Он все-таки попытался вырваться. Тогда Фрэнсис подставил ему подножку, и они оба тяжело повалились на землю. Крестьянин упал лицом вниз, а Фрэнсис оказался на нем.
— Убью вас всех! — рычал отец умершего ребенка. — Всех поубиваю! Я вам… Я…
Внезапно его голос дрогнул, и он зарыдал.
— Я понимаю, — сочувственно прошептал Фрэнсис. — Твой сын… Мне понятно твое горе.
— Откуда тебе знать, что такое горе? — послышалось сзади.
— Да что вообще ты и твои вонючие дружки знают? — раздался другой сердитый голос.
Кто-то сильно ударил Фрэнсиса ногой в поясницу.

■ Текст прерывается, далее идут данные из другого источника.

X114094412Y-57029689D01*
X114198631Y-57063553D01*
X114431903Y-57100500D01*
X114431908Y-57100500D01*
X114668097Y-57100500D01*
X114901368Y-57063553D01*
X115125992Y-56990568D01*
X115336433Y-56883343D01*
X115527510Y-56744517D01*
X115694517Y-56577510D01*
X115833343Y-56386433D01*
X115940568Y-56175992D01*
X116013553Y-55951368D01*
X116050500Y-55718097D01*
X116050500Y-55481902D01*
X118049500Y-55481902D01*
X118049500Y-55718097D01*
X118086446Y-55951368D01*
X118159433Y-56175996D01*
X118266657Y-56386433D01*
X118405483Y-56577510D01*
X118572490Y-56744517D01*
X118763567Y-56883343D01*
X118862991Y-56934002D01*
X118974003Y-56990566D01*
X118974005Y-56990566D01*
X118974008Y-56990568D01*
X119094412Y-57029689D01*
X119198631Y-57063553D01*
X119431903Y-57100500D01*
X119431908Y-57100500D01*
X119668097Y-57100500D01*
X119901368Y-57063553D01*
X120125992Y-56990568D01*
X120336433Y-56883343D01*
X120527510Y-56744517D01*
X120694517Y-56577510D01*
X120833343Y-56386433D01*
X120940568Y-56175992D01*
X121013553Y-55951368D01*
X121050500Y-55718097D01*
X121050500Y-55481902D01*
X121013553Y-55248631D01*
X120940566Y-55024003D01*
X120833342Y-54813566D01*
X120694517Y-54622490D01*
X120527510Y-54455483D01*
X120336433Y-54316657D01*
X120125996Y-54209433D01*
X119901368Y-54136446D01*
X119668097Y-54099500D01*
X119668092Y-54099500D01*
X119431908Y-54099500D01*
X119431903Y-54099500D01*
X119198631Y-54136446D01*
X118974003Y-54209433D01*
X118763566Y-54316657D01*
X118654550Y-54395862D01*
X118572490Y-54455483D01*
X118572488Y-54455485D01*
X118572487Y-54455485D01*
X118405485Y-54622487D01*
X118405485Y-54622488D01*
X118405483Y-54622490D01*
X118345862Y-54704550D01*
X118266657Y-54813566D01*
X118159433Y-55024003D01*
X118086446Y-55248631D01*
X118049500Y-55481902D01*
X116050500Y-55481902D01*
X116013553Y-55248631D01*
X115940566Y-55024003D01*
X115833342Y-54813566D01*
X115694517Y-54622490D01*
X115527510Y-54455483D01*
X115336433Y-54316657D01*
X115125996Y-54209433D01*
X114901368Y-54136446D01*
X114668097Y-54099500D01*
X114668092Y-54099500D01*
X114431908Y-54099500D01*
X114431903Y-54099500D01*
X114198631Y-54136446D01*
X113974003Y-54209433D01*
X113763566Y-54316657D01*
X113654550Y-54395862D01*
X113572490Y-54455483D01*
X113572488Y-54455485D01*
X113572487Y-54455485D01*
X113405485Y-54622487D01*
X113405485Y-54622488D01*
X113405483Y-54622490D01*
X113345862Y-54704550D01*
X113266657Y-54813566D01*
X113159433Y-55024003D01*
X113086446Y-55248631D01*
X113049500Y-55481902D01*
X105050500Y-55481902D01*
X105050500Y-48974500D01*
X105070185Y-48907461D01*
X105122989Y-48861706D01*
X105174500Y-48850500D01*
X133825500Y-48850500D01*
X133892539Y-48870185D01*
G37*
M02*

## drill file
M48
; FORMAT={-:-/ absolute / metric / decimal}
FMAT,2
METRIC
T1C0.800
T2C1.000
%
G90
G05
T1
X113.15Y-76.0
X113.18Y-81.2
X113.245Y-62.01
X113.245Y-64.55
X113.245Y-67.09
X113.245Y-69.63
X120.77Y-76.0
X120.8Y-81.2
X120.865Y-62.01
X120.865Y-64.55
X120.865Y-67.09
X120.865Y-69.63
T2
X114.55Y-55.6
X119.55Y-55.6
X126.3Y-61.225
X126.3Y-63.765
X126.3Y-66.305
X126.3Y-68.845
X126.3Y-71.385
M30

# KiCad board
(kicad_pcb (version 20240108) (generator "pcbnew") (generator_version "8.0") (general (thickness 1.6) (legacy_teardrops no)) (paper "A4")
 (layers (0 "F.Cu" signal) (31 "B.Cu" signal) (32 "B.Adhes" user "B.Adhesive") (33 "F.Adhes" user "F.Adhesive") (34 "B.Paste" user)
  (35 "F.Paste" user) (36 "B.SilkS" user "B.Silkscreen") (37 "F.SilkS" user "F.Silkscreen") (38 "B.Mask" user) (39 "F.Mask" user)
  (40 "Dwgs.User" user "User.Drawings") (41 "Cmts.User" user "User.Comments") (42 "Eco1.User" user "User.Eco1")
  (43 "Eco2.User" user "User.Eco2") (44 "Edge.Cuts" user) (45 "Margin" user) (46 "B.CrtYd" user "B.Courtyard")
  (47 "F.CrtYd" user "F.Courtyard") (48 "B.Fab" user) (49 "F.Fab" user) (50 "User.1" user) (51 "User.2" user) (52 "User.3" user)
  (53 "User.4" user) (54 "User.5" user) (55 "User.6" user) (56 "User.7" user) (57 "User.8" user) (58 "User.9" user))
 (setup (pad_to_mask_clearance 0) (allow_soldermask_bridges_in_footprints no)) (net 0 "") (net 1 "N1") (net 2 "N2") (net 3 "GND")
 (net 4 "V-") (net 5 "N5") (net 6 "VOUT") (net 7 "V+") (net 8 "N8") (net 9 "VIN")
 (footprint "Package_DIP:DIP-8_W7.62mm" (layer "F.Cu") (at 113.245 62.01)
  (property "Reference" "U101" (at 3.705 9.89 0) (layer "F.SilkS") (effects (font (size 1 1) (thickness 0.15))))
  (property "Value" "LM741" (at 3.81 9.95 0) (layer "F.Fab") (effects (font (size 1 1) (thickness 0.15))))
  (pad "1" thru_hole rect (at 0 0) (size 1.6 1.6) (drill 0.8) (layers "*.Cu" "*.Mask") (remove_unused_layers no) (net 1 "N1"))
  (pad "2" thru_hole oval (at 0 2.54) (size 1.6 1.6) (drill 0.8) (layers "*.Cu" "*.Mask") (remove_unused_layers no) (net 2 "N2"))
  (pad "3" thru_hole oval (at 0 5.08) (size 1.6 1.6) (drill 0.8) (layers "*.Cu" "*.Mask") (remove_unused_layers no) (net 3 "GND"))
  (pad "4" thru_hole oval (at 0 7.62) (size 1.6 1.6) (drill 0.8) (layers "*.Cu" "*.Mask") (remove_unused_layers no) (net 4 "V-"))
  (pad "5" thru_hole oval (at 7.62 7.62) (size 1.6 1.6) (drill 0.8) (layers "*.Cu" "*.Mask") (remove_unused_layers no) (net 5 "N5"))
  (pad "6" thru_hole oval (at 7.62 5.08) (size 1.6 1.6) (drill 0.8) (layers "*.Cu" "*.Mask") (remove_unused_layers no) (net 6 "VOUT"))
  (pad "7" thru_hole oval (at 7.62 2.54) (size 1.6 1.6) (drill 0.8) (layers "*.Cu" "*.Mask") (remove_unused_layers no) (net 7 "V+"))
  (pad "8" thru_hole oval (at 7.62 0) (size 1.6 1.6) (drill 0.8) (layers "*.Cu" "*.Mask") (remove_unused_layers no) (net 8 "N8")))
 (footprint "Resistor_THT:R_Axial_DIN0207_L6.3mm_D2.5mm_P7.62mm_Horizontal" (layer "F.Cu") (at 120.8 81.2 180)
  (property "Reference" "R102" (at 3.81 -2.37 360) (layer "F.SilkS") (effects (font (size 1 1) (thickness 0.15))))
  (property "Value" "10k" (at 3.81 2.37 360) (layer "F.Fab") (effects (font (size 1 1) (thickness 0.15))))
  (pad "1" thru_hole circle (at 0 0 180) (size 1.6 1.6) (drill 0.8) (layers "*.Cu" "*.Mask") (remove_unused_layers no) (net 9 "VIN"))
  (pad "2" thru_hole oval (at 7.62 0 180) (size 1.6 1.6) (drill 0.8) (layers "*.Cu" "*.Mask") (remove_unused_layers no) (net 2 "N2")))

Потом они навалились на него. Их было только двое, но вокруг стояла целая толпа, подбадривавшая их криками. Эти двое оторвали Фрэнсиса от рыдающего великана и грубо поставили на ноги. И хотя монах попытался отбиться, ударив одного кулаком, а другого — ногой в голень, он понимал, что ему не вырваться. В толпе найдется немало пособников.